Cuando vuelvo a abrir los ojos me encuentro en un lugar desconocido. Ni siquiera tengo la sensación de haber estado aquí antes. El paisaje es indescriptible. Tengo ante mí un gran valle verde, cubierto por unas flores rojas que emanan un olor familiar. Al fondo, un gran lago preside la escena. Hace calor, y noto cómo el sudor escapa de mi cuerpo desnudo para fundirse con el paraíso. Aparentemente estoy solo. Me dirijo hacia el lago, fascinado por el brillo de los rayos solares reflejados en el agua. Deseo tocarla, para comprobar que está caliente, que se encuentra al menos a treinta y seis grados, como mi espíritu, anestesiado por el influjo del silencio. Cuando el agua besa mis pies veo a cuatro chicas chapoteando, moviéndose con gracia, a cámara lenta, como si alguna figura divina hubiera restado movilidad a sus músculos para permitirles vivir una adolescencia eterna. Las muchachas son hermosas, y me hacen señas con la mano para que me una al grupo. Justo cuando me adentro en el lago se sumergen. Mientras llego a su altura trato de localizarlas en la superficie, pero es imposible. Cojo aire, y me sumerjo en el agua azul, cristalina. Han desaparecido. Me dirijo de nuevo a la superficie para respirar. Quizás estén allí de nuevo, esperándome. Pero no están. Alzo la vista hacia el valle, con con la esperanza de verlas tumbadas sobre la hierba, secando sus cuerpos al sol, eclipsando con sus sexos la anatomía de la naturaleza. Pero el valle está vacío. Cojo aire con fuerza, y vuelvo a purgar las profundidades del lago.
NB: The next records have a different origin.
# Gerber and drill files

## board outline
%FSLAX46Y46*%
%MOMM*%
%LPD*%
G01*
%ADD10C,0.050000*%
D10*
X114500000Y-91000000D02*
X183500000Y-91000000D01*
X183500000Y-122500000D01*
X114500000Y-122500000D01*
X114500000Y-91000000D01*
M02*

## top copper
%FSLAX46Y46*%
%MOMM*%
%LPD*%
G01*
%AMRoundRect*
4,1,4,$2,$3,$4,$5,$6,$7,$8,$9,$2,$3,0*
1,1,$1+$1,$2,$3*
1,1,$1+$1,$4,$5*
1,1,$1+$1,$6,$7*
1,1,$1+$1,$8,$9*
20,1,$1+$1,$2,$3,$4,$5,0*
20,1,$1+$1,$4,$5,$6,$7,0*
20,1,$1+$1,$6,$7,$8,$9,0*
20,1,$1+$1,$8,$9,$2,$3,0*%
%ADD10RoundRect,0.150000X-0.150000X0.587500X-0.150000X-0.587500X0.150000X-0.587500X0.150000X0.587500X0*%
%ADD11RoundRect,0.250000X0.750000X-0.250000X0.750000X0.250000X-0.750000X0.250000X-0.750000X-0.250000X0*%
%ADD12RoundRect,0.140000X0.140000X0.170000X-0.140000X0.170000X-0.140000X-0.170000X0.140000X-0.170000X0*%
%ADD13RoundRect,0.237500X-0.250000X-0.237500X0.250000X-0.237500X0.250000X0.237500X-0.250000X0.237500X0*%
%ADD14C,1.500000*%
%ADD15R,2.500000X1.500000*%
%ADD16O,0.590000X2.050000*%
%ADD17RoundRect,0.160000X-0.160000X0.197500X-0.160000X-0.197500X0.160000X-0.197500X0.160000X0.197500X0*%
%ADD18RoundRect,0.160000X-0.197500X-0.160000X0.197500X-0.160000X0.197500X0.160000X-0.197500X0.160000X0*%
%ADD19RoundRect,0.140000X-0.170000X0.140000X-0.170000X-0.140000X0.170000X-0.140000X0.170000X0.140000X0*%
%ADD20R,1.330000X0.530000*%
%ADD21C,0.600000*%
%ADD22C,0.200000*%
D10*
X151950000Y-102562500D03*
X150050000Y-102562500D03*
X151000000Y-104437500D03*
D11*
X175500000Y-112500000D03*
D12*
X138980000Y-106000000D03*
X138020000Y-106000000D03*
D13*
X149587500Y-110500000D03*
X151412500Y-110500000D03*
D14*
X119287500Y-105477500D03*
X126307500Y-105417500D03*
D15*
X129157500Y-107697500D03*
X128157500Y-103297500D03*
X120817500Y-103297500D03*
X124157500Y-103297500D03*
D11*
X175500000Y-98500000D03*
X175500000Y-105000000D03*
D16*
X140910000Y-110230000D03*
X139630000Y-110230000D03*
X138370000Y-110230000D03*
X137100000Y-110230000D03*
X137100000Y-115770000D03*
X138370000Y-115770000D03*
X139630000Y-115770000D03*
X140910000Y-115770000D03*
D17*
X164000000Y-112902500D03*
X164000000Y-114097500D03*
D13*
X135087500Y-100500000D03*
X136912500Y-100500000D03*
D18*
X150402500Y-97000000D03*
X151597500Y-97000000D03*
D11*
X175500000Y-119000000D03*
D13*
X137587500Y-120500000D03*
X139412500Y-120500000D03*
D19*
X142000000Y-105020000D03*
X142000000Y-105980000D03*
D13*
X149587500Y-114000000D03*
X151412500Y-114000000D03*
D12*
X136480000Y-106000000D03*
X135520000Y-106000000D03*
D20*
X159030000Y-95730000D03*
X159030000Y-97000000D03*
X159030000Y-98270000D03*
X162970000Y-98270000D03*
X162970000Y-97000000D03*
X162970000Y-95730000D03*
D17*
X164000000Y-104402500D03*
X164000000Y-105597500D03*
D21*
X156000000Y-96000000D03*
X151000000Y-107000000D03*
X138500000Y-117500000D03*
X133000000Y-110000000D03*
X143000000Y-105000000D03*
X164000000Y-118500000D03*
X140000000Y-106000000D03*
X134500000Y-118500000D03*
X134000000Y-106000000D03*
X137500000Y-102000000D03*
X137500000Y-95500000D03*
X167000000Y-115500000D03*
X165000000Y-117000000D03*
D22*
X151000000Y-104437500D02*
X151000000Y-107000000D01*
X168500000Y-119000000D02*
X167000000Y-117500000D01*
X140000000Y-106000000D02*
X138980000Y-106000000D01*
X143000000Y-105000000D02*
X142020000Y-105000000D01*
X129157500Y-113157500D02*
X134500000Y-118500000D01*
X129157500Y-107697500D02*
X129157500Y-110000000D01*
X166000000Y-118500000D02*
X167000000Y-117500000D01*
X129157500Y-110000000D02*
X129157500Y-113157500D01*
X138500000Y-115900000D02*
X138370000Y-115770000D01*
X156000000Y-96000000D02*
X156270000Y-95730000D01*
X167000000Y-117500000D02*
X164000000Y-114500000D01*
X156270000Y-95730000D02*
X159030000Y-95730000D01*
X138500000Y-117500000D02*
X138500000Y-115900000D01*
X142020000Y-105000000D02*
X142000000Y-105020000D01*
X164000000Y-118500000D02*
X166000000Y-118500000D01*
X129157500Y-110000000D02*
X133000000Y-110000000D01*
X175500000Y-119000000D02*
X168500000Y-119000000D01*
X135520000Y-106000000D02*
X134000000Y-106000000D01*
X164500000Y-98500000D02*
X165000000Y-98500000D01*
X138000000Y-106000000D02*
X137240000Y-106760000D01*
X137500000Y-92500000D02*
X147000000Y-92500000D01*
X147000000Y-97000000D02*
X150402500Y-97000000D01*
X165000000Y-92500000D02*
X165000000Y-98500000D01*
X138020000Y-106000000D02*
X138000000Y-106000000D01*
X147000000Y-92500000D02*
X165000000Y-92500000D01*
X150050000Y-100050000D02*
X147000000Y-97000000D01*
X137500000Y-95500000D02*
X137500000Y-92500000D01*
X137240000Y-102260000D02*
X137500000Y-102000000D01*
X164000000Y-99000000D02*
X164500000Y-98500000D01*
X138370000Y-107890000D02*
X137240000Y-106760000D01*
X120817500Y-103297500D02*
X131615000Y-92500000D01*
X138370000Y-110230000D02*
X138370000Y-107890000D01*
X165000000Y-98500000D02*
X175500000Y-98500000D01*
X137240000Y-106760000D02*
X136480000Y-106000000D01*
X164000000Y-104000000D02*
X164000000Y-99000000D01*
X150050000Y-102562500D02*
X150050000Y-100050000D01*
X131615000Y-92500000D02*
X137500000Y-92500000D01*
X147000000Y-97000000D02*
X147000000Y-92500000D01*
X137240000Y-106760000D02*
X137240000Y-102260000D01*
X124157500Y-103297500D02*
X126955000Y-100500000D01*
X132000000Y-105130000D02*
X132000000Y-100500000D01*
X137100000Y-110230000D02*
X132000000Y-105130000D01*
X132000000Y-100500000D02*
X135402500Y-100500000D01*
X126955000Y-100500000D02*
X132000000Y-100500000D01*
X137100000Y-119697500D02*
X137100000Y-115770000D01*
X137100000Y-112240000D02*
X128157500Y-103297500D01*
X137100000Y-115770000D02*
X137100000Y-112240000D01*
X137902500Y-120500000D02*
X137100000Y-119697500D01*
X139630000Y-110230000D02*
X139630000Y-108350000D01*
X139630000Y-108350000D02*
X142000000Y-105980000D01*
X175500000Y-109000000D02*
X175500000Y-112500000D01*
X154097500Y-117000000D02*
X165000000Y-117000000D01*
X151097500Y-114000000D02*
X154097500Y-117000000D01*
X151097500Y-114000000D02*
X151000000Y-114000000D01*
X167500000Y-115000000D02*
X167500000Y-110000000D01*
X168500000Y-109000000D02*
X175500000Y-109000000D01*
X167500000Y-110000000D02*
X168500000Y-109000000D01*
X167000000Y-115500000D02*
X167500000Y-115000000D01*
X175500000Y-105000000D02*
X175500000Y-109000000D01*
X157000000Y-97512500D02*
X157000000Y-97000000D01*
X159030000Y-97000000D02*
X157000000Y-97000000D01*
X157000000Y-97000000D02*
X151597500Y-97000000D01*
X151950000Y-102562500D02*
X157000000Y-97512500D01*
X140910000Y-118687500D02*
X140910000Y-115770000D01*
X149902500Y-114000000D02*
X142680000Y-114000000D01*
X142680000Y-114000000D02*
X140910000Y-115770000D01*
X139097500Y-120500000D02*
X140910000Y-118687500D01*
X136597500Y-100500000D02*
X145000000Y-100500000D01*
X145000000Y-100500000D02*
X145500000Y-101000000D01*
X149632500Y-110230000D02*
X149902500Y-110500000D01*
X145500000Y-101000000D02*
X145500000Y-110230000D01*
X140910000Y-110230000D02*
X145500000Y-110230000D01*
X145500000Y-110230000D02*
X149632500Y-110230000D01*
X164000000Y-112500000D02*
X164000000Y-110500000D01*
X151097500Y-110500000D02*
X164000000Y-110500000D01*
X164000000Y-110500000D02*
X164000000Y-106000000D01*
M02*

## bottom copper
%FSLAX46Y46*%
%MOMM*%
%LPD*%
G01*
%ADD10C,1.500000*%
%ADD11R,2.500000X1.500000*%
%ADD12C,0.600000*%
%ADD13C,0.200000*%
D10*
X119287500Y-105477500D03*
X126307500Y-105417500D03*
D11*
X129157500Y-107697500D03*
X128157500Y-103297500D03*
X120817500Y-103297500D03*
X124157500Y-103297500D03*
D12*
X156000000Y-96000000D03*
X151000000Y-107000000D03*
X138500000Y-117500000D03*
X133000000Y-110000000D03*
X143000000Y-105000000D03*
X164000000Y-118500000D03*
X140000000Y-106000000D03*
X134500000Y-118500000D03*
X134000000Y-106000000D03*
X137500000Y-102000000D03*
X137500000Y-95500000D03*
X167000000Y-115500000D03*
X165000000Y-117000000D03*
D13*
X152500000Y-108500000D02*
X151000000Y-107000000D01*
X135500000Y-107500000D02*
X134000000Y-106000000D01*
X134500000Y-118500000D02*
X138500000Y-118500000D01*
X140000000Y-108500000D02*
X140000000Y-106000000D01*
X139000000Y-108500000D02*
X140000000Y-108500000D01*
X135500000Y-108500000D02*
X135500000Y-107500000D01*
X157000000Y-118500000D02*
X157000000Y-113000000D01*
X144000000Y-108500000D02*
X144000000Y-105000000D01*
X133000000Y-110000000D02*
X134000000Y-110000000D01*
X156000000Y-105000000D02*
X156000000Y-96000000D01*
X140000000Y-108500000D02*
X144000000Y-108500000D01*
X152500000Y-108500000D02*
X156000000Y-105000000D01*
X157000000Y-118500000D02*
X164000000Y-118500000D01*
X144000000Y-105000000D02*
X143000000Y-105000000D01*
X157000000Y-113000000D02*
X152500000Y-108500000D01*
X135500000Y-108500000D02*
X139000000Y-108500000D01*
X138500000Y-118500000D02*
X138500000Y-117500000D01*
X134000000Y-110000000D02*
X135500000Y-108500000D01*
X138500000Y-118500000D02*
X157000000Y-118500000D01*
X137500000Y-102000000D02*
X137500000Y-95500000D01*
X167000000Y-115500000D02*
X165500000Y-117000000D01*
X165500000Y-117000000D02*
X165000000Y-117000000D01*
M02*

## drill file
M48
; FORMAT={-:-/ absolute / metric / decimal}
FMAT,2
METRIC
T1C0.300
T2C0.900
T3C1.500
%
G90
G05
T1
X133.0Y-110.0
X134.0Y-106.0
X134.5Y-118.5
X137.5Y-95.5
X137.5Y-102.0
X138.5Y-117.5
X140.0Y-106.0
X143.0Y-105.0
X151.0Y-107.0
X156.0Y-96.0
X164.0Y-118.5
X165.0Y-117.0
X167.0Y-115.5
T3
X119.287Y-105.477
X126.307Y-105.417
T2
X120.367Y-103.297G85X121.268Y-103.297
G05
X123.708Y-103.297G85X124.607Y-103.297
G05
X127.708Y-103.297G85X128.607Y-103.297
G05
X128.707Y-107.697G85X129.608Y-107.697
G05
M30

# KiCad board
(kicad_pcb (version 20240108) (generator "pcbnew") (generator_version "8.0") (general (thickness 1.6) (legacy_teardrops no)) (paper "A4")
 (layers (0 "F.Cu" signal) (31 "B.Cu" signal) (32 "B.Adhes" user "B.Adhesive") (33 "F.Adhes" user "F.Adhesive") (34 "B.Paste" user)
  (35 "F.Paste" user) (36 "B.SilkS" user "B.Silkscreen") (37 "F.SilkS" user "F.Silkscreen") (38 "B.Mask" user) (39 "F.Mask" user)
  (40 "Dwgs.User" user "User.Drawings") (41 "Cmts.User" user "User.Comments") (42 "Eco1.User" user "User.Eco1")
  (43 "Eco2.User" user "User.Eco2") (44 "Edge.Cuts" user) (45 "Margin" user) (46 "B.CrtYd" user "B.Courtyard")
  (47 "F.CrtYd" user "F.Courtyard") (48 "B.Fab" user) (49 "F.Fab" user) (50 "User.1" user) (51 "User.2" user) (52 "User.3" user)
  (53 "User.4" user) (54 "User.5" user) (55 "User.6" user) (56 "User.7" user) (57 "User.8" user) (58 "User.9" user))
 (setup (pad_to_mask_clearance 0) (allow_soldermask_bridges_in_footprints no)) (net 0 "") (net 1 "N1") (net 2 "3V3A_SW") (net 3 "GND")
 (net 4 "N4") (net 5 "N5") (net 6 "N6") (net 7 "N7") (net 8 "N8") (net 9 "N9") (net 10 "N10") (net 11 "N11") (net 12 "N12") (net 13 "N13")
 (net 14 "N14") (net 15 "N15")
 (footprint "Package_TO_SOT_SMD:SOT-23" (layer "F.Cu") (at 151 103.5 -90)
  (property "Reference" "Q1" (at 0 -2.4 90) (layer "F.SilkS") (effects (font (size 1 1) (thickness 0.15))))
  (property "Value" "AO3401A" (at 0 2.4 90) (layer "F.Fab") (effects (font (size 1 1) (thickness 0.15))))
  (pad "1" smd roundrect (at -0.9375 -0.95 270) (size 1.475 0.6) (layers "F.Cu" "F.Paste" "F.Mask") (roundrect_rratio 0.25) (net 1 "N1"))
  (pad "2" smd roundrect (at -0.9375 0.95 270) (size 1.475 0.6) (layers "F.Cu" "F.Paste" "F.Mask") (roundrect_rratio 0.25) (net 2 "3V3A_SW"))
  (pad "3" smd roundrect (at 0.9375 0 270) (size 1.475 0.6) (layers "F.Cu" "F.Paste" "F.Mask") (roundrect_rratio 0.25) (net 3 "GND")))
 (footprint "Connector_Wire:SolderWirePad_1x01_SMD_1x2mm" (layer "F.Cu") (at 175.5 112.5 90)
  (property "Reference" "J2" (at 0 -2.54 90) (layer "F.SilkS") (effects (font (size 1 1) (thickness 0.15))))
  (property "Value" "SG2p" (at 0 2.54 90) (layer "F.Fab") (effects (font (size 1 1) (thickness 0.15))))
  (pad "1" smd roundrect (at 0 0 90) (size 1 2) (layers "F.Cu" "F.Paste" "F.Mask") (roundrect_rratio 0.25) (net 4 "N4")))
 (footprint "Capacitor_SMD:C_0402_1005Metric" (layer "F.Cu") (at 138.5 106 180)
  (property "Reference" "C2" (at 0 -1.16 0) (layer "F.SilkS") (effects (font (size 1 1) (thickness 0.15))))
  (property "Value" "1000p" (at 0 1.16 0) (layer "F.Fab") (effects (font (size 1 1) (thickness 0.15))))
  (pad "1" smd roundrect (at -0.48 0 180) (size 0.56 0.62) (layers "F.Cu" "F.Paste" "F.Mask") (roundrect_rratio 0.25) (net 3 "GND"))
  (pad "2" smd roundrect (at 0.48 0 180) (size 0.56 0.62) (layers "F.Cu" "F.Paste" "F.Mask") (roundrect_rratio 0.25) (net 2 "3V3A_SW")))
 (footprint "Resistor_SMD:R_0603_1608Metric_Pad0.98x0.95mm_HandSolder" (layer "F.Cu") (at 150.5 110.5)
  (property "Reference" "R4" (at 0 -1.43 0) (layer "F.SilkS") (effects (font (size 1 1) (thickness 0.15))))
Entonces veo una sombra que se acerca poco a poco, rítmicamente. Trato de no perderla de vista. Afortunadamente la sombra se hace cada vez más grande y resulta difícil escapar a su influjo. La intuición inunda mi mente. Tengo ante mí al imán que regirá mis mareas durante el resto de mi vida. Cuando está lo suficientemente cerca reconozco el rostro de Eva, sonriendo, con su piel perfecta hidratada por el líquido transparente. Eva me toca la cara, y lleva sus dedos hasta mis ojos, para cerrarlos. Me besa en los labios. Empieza un contacto sensorial tan intenso que me olvido por completo de la existencia de una superficie que tan sólo sirve para tomar aire, perdiendo así completamente la perspectiva. Noto cómo me abraza, cómo me rodea con sus piernas. Noto su cabeza apoyada en mi cuello, y la oigo susurrarme al oído. Una nana, una nana. Me acaba de hacer suyo para siempre.
Así durante diecinueve mil noches, para despertar rodeando su cintura.